Oggi non rimane più nessuno
di quel tempo ormai lontano
che felice fosti molto là in città;
gli anni son fuggiti tutti uguali.
“Vengo a prenderti domani:
vestiti e biancheria son già là”.

Mamma sognavi alla finestra
come se fossi rimasta
sopra il treno una fermata oltre la tua.
Ecco: la mia voce di bambino,
poi la tua sempre più piano,
poi la mia sempre più piano
poi la tua…
mano.

Mario nel cortile

Il fienile che si apriva sull’immensa campagna;
la polvere dell’aia che saliva fin lassù
col vento dalle arcate che gira in controluce
e Antonio là nell’angolo che sposta due mattoni
perché dietro ci son soldi arrotolati e munizioni
per la M34 giù di sotto, che se arrivano chissà.

Mario nel cortile canta forte e controlla
la cinghia e il suo girare: lui l’unico a capire
come fare che ha studiato le pulegge e sa la forza
del manometro e i cavalli del vapore lui li conta ad uno
ad uno su quei punti di giunzione ma cos’è un nastro di
Möbius che si avvolge su quei coni lui però non seppe mai.

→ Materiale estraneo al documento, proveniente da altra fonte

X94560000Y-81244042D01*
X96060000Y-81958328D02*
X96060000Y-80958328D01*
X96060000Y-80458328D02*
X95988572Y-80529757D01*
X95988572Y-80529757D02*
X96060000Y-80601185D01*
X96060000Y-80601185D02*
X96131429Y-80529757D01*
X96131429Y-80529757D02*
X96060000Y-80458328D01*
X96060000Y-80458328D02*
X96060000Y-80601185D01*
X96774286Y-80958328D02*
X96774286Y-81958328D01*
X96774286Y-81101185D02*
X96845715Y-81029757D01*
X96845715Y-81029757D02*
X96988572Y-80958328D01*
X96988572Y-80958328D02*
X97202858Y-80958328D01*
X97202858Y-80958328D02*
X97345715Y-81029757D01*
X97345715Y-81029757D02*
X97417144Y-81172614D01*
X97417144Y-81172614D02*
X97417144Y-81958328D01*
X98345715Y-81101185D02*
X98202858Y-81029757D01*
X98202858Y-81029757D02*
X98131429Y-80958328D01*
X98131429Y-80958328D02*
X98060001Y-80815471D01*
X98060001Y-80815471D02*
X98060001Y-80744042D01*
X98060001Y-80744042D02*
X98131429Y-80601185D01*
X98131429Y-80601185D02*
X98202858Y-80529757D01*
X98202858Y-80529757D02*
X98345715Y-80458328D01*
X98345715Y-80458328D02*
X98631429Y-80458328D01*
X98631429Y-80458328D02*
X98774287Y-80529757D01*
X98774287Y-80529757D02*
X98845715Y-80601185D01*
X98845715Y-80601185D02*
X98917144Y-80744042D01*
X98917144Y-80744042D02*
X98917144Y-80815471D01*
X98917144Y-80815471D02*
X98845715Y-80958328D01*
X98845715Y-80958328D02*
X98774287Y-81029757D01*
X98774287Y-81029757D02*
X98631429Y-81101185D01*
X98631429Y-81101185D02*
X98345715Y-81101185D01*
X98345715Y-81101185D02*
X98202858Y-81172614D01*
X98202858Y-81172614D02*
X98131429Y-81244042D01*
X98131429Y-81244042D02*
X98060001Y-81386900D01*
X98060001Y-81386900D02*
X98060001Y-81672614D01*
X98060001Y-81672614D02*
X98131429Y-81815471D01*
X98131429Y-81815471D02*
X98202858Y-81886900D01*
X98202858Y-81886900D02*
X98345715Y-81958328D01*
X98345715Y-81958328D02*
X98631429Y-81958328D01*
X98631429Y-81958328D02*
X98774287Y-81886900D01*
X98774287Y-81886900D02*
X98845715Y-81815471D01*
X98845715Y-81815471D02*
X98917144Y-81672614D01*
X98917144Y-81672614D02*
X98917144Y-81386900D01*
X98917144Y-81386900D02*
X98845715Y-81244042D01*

Il fumo del motore che batteva come un matto 
con violenza come i pugni delle squadre del ’38;
Mario che partiva e sopra il treno verso Pola
ripensava a Caterina ma sentiva
che non l’avrebbe vista più.

Al corso cannonieri fame e guerra nell’aria:
morto insieme al Vate il suo “sentir fetor di pace”,
si armarono le navi che partirono per mete ancora ignote,
verso terre di conquista di cui mai sentì parlare.
Obiettivo militare nel Mar Rosso l’aviazione
maledetta sia la RAF, che se arrivano chissà.

L’albatro comparve una mattina all’orizzonte
e li seguiva a meridione col suo volo esasperante;
il fuoco che pioveva sulla nave che affondava
e la sua prora andava giù e il mar si chiuse per non restituirli più.

Mario nel cortile ha un fazzoletto rosso al collo.